I made 10 posts (not even enough to see my own profile!) but already I have 14 likes!

You people are SOOOOO NIIIIIIIIICE!!! :tiphat:

- Bill


----------



## Celloman (Sep 30, 2006)

Make that fifteen.


----------



## samurai (Apr 22, 2011)

Make that 16,for a nice guy! Welcome aboard, BillT.


----------



## Guest (Nov 11, 2013)

I have only seen one of your posts, the one that starts this thread.

But I'm going to go out on a limb and welcome you to TC, anyway.


----------



## Aramis (Mar 1, 2009)

If you're sucker for likes, just keep posting covers of popular recordings of popular works in Currently Listening... and Latest Purchases thread.


----------



## shangoyal (Sep 22, 2013)

Wait till you get a like from someguy, _that_ one like will be well earned!


----------



## Schubussy (Nov 2, 2012)

BillT said:


> I made 10 posts (not even enough to see my own profile!) but already I have 14 likes!
> 
> You people are SOOOOO NIIIIIIIIICE!!! :tiphat:
> 
> - Bill


Post some Mahler in the currently listening to thread. That's my strategy.
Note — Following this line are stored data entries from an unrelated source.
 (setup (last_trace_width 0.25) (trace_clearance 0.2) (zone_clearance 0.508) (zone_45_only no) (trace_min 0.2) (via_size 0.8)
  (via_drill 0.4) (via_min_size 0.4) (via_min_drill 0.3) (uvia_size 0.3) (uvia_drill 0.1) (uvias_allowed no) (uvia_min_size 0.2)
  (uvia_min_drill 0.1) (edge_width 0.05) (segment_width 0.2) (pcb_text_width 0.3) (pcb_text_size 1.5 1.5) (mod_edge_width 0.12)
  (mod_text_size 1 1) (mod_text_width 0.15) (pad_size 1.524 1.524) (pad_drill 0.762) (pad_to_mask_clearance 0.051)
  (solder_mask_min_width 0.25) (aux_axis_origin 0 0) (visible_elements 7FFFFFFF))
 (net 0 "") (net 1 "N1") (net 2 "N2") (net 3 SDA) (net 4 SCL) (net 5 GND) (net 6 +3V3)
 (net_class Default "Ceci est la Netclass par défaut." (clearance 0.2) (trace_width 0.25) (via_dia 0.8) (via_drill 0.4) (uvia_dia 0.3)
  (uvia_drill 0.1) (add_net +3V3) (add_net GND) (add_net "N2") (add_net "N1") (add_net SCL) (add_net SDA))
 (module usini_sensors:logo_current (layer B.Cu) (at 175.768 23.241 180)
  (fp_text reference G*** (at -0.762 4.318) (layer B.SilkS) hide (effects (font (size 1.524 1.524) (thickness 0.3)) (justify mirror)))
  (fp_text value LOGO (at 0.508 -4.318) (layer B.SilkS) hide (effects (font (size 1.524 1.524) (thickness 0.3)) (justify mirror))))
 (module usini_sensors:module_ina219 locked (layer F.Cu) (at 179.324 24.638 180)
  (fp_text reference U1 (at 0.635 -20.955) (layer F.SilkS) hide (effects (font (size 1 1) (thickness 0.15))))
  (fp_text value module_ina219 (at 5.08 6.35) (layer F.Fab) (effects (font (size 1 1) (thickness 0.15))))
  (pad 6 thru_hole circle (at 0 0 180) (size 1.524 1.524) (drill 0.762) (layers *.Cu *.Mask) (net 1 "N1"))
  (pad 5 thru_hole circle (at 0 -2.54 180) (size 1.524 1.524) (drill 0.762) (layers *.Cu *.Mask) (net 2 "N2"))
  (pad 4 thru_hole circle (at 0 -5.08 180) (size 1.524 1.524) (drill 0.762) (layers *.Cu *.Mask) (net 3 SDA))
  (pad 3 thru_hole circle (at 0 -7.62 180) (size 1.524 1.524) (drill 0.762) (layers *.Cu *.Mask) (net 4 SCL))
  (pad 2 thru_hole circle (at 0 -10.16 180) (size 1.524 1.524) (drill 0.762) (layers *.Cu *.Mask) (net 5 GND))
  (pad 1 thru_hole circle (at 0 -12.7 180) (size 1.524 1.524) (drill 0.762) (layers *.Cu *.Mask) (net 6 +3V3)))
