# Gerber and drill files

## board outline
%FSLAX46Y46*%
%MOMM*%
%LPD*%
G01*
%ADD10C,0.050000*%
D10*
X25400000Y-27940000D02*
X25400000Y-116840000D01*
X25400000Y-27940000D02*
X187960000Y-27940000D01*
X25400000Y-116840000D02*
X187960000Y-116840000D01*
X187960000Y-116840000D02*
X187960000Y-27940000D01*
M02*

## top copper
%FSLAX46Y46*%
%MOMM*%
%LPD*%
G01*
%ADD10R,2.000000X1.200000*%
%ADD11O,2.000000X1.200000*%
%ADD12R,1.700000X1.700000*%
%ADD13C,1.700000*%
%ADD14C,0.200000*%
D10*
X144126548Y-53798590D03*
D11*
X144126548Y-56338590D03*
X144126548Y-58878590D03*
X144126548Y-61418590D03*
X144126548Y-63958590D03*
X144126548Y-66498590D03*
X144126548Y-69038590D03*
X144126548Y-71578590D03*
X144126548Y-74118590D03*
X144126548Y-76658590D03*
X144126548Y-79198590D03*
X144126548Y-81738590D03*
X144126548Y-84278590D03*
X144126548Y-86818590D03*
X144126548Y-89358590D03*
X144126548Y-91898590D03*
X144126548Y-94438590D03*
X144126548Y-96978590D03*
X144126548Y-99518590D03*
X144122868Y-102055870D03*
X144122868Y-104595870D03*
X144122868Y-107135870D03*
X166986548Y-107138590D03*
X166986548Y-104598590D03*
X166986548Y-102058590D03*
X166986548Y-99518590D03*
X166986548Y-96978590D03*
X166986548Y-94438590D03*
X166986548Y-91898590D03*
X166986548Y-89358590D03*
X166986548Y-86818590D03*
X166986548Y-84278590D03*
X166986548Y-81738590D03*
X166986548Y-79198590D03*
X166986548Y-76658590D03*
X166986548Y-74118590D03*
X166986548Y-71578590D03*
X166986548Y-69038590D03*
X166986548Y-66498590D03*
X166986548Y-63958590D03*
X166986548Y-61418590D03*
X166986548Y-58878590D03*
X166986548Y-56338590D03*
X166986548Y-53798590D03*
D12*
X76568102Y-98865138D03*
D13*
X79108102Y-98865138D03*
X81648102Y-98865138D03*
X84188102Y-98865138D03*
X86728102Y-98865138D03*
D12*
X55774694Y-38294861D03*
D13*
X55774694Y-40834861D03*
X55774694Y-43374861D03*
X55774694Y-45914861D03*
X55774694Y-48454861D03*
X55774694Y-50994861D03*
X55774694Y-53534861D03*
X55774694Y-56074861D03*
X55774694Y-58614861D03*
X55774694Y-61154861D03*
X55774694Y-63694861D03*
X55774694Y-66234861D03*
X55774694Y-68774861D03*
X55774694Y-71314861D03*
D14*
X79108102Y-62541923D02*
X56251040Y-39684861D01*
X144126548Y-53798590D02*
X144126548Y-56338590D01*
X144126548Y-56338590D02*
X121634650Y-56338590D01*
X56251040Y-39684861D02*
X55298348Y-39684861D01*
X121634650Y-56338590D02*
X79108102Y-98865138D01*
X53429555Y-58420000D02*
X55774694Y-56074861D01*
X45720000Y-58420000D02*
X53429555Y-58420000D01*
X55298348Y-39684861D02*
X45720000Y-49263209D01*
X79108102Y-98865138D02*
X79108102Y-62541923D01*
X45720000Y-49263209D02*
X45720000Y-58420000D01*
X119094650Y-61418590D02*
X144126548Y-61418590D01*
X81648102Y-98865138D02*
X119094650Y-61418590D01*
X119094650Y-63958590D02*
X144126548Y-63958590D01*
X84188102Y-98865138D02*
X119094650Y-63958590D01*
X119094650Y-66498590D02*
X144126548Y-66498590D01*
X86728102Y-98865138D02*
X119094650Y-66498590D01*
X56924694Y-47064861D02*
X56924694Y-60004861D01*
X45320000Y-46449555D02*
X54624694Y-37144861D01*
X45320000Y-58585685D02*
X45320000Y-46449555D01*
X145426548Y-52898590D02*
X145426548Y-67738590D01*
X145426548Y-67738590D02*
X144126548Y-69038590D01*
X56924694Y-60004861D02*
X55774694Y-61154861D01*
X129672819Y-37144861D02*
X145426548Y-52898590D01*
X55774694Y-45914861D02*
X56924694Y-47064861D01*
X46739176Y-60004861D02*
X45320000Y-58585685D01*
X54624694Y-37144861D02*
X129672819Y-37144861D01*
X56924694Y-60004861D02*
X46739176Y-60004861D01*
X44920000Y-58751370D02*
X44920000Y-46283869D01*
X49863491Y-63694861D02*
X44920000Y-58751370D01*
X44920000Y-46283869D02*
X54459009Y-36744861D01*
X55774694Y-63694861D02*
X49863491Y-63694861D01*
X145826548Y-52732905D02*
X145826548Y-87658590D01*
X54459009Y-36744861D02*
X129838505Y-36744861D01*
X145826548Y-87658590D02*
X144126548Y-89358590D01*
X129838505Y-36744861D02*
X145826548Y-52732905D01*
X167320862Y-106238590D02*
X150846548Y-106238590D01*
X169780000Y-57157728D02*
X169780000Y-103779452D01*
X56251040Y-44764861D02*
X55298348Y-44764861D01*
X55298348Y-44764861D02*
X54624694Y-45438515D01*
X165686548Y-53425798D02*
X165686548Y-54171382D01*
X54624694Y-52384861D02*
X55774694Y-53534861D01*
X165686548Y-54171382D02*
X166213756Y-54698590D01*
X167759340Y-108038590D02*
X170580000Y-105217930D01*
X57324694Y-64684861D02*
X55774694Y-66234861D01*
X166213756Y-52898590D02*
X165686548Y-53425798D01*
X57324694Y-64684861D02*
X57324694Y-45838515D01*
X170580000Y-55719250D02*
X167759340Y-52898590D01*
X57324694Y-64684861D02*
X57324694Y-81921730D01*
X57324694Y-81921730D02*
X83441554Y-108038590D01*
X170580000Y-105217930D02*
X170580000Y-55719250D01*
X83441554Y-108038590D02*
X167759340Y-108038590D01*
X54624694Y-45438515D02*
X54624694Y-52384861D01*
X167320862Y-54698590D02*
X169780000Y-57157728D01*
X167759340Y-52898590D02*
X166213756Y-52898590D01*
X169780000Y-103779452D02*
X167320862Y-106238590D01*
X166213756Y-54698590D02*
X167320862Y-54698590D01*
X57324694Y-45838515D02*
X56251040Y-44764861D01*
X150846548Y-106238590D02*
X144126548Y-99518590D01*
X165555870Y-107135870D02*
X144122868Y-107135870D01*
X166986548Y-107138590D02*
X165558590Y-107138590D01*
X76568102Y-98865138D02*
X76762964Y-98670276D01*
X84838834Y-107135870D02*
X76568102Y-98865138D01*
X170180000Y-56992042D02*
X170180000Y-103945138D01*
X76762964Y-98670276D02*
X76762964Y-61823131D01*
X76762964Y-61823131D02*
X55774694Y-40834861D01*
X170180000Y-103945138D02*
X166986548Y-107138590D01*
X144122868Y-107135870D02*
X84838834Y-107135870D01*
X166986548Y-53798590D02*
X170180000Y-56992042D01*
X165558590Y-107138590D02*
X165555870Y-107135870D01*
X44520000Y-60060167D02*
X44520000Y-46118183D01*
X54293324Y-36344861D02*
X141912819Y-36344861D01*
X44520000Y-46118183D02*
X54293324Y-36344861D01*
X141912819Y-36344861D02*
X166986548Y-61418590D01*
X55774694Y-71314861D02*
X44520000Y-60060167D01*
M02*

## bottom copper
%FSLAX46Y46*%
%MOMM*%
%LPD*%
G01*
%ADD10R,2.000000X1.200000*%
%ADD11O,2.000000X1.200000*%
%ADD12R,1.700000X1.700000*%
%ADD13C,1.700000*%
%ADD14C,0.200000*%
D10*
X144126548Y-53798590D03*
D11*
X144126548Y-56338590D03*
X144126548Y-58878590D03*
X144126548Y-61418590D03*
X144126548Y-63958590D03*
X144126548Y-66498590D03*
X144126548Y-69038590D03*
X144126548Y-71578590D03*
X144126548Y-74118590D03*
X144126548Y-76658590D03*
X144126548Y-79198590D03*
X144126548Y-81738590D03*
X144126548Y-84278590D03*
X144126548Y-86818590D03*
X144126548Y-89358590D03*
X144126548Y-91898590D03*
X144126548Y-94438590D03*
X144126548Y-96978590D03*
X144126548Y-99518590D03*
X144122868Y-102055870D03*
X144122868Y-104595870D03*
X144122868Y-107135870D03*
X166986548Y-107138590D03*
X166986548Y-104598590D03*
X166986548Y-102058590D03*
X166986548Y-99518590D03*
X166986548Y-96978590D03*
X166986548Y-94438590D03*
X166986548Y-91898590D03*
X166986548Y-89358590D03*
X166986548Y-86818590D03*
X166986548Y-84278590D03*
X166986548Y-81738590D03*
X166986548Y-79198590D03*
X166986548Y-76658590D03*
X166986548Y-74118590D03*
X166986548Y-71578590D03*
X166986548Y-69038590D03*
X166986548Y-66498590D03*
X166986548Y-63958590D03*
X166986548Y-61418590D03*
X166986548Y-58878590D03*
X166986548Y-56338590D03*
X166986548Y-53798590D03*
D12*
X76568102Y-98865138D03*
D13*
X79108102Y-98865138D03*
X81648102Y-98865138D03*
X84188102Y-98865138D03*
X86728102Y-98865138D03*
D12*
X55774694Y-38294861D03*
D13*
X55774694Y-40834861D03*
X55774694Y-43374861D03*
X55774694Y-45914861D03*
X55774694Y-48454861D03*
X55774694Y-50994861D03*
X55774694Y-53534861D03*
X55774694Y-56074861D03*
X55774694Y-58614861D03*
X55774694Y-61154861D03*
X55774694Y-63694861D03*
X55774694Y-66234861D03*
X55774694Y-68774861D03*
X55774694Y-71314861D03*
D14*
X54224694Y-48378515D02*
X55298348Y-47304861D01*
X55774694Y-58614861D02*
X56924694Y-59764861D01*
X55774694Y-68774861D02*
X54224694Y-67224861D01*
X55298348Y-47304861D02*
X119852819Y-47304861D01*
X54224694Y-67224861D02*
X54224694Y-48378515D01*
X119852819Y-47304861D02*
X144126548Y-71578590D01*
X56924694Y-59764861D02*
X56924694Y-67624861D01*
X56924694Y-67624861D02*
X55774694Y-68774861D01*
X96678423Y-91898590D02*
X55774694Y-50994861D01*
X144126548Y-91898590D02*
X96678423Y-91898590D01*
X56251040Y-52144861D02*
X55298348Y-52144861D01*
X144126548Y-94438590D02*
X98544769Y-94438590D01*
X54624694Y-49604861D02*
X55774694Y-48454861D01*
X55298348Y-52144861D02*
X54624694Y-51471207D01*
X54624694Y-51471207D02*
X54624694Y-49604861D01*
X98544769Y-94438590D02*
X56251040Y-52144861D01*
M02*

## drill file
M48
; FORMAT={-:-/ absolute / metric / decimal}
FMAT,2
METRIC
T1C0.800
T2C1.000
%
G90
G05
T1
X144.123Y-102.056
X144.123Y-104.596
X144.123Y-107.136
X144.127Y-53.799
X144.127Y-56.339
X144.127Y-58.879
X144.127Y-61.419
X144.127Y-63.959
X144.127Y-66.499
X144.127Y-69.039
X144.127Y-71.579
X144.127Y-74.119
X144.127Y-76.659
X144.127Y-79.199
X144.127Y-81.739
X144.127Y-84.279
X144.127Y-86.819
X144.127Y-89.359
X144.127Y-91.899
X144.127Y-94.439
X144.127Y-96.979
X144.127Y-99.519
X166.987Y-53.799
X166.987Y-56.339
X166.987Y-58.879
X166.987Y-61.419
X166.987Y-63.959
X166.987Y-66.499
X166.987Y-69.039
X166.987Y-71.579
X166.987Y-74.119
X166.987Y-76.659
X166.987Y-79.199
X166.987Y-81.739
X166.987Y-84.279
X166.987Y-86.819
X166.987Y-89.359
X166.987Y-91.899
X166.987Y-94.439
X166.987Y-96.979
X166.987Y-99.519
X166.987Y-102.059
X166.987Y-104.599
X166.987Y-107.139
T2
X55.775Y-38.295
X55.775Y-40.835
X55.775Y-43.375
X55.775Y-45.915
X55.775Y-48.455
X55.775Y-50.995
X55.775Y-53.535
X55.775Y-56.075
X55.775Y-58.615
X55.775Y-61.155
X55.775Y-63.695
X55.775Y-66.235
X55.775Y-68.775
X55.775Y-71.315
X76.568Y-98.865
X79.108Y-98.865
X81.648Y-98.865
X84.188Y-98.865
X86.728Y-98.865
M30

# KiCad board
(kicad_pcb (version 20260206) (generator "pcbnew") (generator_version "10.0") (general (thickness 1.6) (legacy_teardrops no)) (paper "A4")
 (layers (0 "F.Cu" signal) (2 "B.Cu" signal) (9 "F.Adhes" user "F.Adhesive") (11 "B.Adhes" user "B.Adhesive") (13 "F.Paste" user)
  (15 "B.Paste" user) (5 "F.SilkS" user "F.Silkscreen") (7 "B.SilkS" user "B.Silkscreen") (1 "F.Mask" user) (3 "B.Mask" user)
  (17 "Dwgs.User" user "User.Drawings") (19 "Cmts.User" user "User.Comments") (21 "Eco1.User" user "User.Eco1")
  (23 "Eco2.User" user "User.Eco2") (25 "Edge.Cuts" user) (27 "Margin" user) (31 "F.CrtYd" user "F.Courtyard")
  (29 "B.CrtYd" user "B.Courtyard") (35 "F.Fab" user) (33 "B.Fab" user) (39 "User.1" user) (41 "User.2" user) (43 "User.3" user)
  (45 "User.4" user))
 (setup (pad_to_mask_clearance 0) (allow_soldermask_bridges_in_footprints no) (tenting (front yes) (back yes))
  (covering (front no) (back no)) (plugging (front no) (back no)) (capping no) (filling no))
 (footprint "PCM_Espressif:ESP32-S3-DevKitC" (layer "F.Cu") (at 144.126548 53.79859)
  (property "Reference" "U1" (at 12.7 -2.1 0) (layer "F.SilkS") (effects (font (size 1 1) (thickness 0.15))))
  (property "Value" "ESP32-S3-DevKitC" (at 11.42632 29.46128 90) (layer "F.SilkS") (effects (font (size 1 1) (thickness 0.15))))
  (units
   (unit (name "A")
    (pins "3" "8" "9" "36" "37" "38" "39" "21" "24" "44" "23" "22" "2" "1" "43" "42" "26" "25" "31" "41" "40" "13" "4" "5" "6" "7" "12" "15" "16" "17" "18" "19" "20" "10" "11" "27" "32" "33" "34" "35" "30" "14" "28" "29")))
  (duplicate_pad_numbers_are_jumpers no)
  (pad "1" thru_hole rect (at 0 0 270) (size 1.2 2) (drill 0.8) (layers "*.Cu" "*.Mask") (remove_unused_layers no) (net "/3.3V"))
  (pad "2" thru_hole oval (at 0 2.54 270) (size 1.2 2) (drill 0.8) (layers "*.Cu" "*.Mask") (remove_unused_layers no) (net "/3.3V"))
  (pad "3" thru_hole oval (at 0 5.08 270) (size 1.2 2) (drill 0.8) (layers "*.Cu" "*.Mask") (remove_unused_layers no)
   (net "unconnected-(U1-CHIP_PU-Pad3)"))
  (pad "4" thru_hole oval (at 0 7.62 270) (size 1.2 2) (drill 0.8) (layers "*.Cu" "*.Mask") (remove_unused_layers no) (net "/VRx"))
  (pad "5" thru_hole oval (at 0 10.16 270) (size 1.2 2) (drill 0.8) (layers "*.Cu" "*.Mask") (remove_unused_layers no) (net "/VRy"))
  (pad "6" thru_hole oval (at 0 12.7 270) (size 1.2 2) (drill 0.8) (layers "*.Cu" "*.Mask") (remove_unused_layers no) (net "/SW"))
  (pad "7" thru_hole oval (at 0 15.24 270) (size 1.2 2) (drill 0.8) (layers "*.Cu" "*.Mask") (remove_unused_layers no) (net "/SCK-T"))
  (pad "8" thru_hole oval (at 0 17.78 270) (size 1.2 2) (drill 0.8) (layers "*.Cu" "*.Mask") (remove_unused_layers no) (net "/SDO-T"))
  (pad "9" thru_hole oval (at 0 20.32 270) (size 1.2 2) (drill 0.8) (layers "*.Cu" "*.Mask") (remove_unused_layers no)
   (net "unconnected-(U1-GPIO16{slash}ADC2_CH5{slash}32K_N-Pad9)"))
  (pad "10" thru_hole oval (at 0 22.86 270) (size 1.2 2) (drill 0.8) (layers "*.Cu" "*.Mask") (remove_unused_layers no)
   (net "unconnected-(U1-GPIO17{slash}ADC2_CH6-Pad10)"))
  (pad "11" thru_hole oval (at 0 25.4 270) (size 1.2 2) (drill 0.8) (layers "*.Cu" "*.Mask") (remove_unused_layers no)
   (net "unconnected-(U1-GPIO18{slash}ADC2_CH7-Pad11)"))
  (pad "12" thru_hole oval (at 0 27.94 270) (size 1.2 2) (drill 0.8) (layers "*.Cu" "*.Mask") (remove_unused_layers no)
   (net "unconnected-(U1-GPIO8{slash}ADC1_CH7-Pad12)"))
  (pad "13" thru_hole oval (at 0 30.48 270) (size 1.2 2) (drill 0.8) (layers "*.Cu" "*.Mask") (remove_unused_layers no)
   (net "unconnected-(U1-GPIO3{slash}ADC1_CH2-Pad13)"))
  (pad "14" thru_hole oval (at 0 33.02 270) (size 1.2 2) (drill 0.8) (layers "*.Cu" "*.Mask") (remove_unused_layers no)
   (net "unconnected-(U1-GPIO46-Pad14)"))
  (pad "15" thru_hole oval (at 0 35.56 270) (size 1.2 2) (drill 0.8) (layers "*.Cu" "*.Mask") (remove_unused_layers no) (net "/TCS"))
  (pad "16" thru_hole oval (at 0 38.1 270) (size 1.2 2) (drill 0.8) (layers "*.Cu" "*.Mask") (remove_unused_layers no) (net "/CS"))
Plus it means you get to listen to Mahler.


----------



## science (Oct 14, 2010)

I think my most-"liked" posts are punny jokes. Do something with "Mo's Art" and you'll be getting likes for weeks.


----------



## Blancrocher (Jul 6, 2013)

Aramis said:


> If you're sucker for likes, just keep posting covers of popular recordings of popular works in Currently Listening... and Latest Purchases thread.


I enjoyed your contribution to "Current Listening" this weekend, by the way :lol:

Welcome to the forum, BillT!


----------